The federal Health Insurance Portability and Accountability Act (HIPAA) requires that a patient give permission for such communication. Passed in 1996, HIPAA provides data privacy and security provisions to prevent a patient’s medical information from being shared with those who shouldn’t have access to it. Medical and health professionals face stiff fines and other sanctions if they violate HIPAA rules.

But in an emergency situation like the cataclysmic storm that pounded Texas and Louisiana, and the one headed for Florida, the HHS secretary has the power to waive such penalties in the affected areas. And that’s just what Price has done.

“The HIPAA Privacy Rule allows patient information to be shared to assist in disaster relief efforts, and to assist patients in receiving the care they need,’’ the agency's bulletin on Hurricane Harvey and HIPAA explains.

Connie Zeller, director of education at the Professional Patient Advocate Institute, said the HHS action is just what loved ones and their caregivers need.

“We shouldn’t make it insurmountable for families to connect during this time,” Zeller said. In general, she added, older adults dealing with such a crisis “are much more vulnerable. And they may be disoriented.”

For example, someone with diabetes may not have his medications handy. But that individual may not think to explain this to a volunteer who is helping triage people in a large shelter like the convention center in Houston, where thousands are being cared for and housed.

The relaxation of the HIPAA privacy rules enables easy communication between a medical professional and a family member who lives hundreds or thousands of miles away. An adult child can provide vital medical details, such as the specific medicines a parent takes or what nursing facility she resides in, in case the individual has become separated from a caregiver.

Having a relative help the medical professionals with medication needs and a medical history can be critical, Zeller said, especially when computer systems are down and a patient’s medical records cannot be accessed easily.

The emergency rule also means that hurricane victims don’t have to sign the HIPAA forms the government requires providers to keep before people can receive medical care.
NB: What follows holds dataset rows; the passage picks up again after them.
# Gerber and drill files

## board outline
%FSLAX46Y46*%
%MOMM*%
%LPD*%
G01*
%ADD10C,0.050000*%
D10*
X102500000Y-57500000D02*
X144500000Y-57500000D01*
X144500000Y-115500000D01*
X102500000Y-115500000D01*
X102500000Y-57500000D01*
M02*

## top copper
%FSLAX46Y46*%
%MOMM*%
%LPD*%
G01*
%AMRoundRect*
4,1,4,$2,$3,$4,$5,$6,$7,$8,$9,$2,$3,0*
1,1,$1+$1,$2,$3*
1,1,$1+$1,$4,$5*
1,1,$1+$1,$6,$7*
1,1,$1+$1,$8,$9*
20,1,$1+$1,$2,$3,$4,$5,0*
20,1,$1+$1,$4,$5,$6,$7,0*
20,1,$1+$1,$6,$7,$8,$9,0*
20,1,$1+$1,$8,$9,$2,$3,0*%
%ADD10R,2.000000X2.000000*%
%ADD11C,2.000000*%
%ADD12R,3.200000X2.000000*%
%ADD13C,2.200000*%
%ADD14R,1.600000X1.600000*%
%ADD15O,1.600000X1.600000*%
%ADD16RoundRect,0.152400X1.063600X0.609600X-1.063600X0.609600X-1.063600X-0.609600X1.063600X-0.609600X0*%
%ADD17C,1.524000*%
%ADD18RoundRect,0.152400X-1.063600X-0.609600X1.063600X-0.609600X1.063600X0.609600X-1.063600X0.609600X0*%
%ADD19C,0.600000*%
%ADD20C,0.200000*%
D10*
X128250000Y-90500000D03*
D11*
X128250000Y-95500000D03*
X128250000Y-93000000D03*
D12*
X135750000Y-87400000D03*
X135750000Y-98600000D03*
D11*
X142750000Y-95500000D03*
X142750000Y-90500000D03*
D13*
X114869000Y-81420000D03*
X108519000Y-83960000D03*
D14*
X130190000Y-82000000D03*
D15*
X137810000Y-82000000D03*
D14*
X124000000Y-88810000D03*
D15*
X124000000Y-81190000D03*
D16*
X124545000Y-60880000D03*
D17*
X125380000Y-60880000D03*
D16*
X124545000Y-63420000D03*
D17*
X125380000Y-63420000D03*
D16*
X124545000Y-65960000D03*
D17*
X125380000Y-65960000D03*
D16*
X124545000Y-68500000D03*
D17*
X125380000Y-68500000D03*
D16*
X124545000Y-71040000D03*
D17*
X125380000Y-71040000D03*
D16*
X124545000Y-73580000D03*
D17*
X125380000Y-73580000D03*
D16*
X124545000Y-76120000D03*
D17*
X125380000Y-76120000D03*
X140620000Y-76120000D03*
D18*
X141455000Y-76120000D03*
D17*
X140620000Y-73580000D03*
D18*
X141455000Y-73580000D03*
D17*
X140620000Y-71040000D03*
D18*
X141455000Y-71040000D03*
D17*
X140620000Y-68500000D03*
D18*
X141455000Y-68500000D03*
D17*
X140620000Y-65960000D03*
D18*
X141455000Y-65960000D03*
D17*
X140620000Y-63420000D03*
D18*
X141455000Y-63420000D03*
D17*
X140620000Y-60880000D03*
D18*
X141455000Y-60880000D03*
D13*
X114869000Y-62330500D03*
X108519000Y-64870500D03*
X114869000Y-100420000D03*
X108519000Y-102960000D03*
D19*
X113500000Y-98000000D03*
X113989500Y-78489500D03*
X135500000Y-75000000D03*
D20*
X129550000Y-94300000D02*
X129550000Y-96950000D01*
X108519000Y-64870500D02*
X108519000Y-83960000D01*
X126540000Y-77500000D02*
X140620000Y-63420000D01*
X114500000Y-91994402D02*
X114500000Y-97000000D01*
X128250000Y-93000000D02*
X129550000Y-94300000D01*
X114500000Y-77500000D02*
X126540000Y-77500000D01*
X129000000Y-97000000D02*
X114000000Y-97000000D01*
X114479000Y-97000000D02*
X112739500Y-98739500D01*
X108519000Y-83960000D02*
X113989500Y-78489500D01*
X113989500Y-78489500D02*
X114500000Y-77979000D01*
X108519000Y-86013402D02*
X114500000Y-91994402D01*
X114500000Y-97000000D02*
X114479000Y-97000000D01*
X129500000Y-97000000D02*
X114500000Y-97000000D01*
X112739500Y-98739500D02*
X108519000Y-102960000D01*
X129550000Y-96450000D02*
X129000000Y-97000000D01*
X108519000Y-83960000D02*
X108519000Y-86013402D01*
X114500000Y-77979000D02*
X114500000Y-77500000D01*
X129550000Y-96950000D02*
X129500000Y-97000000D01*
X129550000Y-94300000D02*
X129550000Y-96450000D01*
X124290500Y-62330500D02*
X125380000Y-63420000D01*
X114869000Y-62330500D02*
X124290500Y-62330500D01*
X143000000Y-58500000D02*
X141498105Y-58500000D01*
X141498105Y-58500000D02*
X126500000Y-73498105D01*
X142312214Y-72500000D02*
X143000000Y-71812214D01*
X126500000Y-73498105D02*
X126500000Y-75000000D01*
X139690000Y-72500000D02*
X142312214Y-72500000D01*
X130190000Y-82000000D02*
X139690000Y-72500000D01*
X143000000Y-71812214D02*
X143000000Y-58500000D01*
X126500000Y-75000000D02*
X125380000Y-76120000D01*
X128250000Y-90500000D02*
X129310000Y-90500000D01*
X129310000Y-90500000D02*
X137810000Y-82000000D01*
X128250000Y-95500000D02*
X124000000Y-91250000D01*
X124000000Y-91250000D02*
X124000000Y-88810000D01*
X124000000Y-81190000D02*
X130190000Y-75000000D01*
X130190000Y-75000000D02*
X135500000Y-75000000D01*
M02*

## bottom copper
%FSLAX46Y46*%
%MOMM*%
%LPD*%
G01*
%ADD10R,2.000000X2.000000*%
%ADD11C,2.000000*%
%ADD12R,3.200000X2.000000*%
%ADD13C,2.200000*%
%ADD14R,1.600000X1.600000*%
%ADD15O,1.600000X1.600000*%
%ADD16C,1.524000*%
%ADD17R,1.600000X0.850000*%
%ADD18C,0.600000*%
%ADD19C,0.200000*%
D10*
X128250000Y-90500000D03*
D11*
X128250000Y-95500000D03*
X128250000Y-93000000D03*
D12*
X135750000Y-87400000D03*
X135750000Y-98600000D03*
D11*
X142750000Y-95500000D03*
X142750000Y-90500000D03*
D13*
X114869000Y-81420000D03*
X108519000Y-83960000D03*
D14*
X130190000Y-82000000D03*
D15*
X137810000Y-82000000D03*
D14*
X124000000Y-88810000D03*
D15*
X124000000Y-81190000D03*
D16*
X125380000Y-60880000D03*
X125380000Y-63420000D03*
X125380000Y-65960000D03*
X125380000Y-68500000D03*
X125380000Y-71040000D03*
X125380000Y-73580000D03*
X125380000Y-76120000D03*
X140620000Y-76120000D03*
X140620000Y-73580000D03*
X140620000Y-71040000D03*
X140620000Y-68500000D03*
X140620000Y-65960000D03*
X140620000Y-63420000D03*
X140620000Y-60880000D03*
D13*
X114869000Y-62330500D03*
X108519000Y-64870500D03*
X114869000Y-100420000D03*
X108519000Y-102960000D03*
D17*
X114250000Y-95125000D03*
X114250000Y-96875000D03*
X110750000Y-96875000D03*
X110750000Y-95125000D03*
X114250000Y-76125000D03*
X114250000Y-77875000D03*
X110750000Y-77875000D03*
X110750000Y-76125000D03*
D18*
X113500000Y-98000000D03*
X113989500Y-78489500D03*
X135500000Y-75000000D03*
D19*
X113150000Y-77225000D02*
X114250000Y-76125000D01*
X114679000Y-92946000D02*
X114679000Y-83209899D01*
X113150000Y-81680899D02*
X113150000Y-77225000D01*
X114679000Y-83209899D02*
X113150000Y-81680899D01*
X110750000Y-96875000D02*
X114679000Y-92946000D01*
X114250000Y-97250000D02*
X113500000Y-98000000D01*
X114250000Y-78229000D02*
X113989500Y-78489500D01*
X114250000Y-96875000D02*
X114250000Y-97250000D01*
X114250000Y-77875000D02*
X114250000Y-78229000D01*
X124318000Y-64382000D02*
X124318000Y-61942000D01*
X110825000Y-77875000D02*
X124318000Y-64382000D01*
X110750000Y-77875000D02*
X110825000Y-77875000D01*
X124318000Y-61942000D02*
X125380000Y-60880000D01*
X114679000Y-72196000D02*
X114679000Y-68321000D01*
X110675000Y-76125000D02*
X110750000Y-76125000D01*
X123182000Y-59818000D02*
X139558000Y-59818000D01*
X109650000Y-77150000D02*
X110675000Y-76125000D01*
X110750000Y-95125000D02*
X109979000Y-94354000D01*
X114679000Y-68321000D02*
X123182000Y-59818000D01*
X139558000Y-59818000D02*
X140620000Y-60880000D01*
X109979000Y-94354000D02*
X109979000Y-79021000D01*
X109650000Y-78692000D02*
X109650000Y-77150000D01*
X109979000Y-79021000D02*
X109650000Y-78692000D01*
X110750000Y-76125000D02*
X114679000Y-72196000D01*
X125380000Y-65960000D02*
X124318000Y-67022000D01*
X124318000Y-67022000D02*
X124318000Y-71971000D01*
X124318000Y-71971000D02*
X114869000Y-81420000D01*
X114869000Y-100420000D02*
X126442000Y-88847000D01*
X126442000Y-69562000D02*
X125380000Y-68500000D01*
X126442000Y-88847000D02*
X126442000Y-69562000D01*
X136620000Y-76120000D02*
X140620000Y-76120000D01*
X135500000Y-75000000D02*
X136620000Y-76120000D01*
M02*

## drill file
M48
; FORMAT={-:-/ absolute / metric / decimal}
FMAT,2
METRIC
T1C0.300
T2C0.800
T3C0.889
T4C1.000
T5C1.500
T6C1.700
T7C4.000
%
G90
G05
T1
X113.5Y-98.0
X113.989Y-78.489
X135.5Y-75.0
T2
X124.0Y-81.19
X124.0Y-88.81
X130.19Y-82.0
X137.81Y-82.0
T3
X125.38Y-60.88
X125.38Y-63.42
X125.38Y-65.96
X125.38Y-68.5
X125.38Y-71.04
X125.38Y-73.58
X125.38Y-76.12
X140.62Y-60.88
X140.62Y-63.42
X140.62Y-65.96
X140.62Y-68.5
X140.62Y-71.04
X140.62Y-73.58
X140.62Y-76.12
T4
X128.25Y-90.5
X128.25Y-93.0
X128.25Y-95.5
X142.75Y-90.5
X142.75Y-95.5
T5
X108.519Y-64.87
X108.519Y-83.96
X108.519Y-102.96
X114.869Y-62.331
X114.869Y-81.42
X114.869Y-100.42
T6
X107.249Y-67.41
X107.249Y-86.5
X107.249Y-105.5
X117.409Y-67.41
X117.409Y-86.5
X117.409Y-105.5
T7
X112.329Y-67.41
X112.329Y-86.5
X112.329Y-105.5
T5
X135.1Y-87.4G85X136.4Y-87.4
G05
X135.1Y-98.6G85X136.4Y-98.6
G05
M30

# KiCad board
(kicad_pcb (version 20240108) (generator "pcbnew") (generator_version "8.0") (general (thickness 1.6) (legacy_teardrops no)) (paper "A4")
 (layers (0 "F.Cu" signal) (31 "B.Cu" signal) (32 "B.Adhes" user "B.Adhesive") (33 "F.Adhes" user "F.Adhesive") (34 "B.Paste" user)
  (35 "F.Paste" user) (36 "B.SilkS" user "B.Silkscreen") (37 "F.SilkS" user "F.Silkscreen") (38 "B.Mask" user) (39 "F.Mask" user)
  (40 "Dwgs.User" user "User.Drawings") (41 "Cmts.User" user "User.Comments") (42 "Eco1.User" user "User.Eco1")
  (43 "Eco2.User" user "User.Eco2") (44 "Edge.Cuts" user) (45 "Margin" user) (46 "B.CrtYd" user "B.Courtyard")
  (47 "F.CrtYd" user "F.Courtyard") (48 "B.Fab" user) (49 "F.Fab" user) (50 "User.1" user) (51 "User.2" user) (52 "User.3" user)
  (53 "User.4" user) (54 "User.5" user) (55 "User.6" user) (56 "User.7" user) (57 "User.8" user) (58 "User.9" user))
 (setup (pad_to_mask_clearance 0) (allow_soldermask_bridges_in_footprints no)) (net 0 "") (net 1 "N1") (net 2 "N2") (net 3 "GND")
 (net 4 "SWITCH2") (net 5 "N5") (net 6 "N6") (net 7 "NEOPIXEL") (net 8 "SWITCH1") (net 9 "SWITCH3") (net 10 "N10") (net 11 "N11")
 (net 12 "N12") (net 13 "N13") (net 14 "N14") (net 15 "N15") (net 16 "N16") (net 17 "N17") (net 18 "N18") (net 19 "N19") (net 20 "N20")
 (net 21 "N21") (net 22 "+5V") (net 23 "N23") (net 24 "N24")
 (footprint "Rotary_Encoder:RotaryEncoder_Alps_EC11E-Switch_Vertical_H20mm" (layer "F.Cu") (at 128.25 90.5)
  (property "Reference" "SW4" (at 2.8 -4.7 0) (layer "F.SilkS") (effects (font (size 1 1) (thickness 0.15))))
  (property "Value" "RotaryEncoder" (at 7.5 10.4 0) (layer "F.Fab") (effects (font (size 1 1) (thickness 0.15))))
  (pad "A" thru_hole rect (at 0 0) (size 2 2) (drill 1) (layers "*.Cu" "*.Mask") (remove_unused_layers no) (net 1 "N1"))
  (pad "B" thru_hole circle (at 0 5) (size 2 2) (drill 1) (layers "*.Cu" "*.Mask") (remove_unused_layers no) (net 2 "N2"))
  (pad "C" thru_hole circle (at 0 2.5) (size 2 2) (drill 1) (layers "*.Cu" "*.Mask") (remove_unused_layers no) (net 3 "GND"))
  (pad "MP" thru_hole rect (at 7.5 -3.1) (size 3.2 2) (drill oval 2.8 1.5) (layers "*.Cu" "*.Mask") (remove_unused_layers no))
  (pad "MP" thru_hole rect (at 7.5 8.1) (size 3.2 2) (drill oval 2.8 1.5) (layers "*.Cu" "*.Mask") (remove_unused_layers no))
  (pad "S1" thru_hole circle (at 14.5 5) (size 2 2) (drill 1) (layers "*.Cu" "*.Mask") (remove_unused_layers no))
  (pad "S2" thru_hole circle (at 14.5 0) (size 2 2) (drill 1) (layers "*.Cu" "*.Mask") (remove_unused_layers no)))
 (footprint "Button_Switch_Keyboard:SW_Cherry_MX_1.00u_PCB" (layer "F.Cu") (at 114.869 81.42)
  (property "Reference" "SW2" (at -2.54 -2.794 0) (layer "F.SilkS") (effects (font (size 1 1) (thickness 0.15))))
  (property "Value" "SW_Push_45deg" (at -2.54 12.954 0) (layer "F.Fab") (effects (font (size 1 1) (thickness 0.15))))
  (pad "" np_thru_hole circle (at -7.62 5.08) (size 1.7 1.7) (drill 1.7) (layers "*.Cu" "*.Mask"))
  (pad "" np_thru_hole circle (at -2.54 5.08) (size 4 4) (drill 4) (layers "*.Cu" "*.Mask"))
  (pad "" np_thru_hole circle (at 2.54 5.08) (size 1.7 1.7) (drill 1.7) (layers "*.Cu" "*.Mask"))
  (pad "1" thru_hole circle (at 0 0) (size 2.2 2.2) (drill 1.5) (layers "*.Cu" "*.Mask") (remove_unused_layers no) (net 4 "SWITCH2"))
  (pad "2" thru_hole circle (at -6.35 2.54) (size 2.2 2.2) (drill 1.5) (layers "*.Cu" "*.Mask") (remove_unused_layers no) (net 3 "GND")))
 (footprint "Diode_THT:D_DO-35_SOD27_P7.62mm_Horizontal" (layer "F.Cu") (at 130.19 82)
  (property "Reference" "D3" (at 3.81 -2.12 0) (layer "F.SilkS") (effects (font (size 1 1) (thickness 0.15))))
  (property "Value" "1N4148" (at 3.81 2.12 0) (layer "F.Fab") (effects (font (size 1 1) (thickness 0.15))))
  (pad "1" thru_hole rect (at 0 0) (size 1.6 1.6) (drill 0.8) (layers "*.Cu" "*.Mask") (remove_unused_layers no) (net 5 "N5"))
  (pad "2" thru_hole oval (at 7.62 0) (size 1.6 1.6) (drill 0.8) (layers "*.Cu" "*.Mask") (remove_unused_layers no) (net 1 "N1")))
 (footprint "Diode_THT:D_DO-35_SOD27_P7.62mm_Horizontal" (layer "F.Cu") (at 124 88.81 90)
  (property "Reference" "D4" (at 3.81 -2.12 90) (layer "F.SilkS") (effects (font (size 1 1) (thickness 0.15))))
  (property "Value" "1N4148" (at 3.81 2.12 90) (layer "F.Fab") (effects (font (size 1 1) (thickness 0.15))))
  (pad "1" thru_hole rect (at 0 0 90) (size 1.6 1.6) (drill 0.8) (layers "*.Cu" "*.Mask") (remove_unused_layers no) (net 2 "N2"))
  (pad "2" thru_hole oval (at 7.62 0 90) (size 1.6 1.6) (drill 0.8) (layers "*.Cu" "*.Mask") (remove_unused_layers no) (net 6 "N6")))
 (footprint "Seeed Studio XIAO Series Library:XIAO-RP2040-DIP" (layer "F.Cu") (at 133 68.5)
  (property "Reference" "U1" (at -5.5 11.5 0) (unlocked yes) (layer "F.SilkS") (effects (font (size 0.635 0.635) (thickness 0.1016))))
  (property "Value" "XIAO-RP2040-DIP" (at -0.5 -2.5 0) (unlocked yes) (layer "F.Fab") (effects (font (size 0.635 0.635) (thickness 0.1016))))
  (pad "1" smd roundrect (at -8.455 -7.62 180) (size 2.432 1.524) (layers "F.Cu" "F.Mask") (roundrect_rratio 0.1) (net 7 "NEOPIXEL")
   (thermal_bridge_angle 45))
  (pad "1" thru_hole circle (at -7.62 -7.62 180) (size 1.524 1.524) (drill 0.889) (layers "*.Cu" "*.Mask") (remove_unused_layers no)
   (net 7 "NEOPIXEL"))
Even without Price’s actions, there are exceptions to HIPAA, say, when public health is at stake or the patient would be in imminent danger if medical professionals didn’t have access to the information they need.

HHS established a federal medical station at the George R. Brown Convention Center in Houston. The American Red Cross has a web page where victims of either hurricane can list themselves as safe and family members and friends can search for the names of missing loved ones.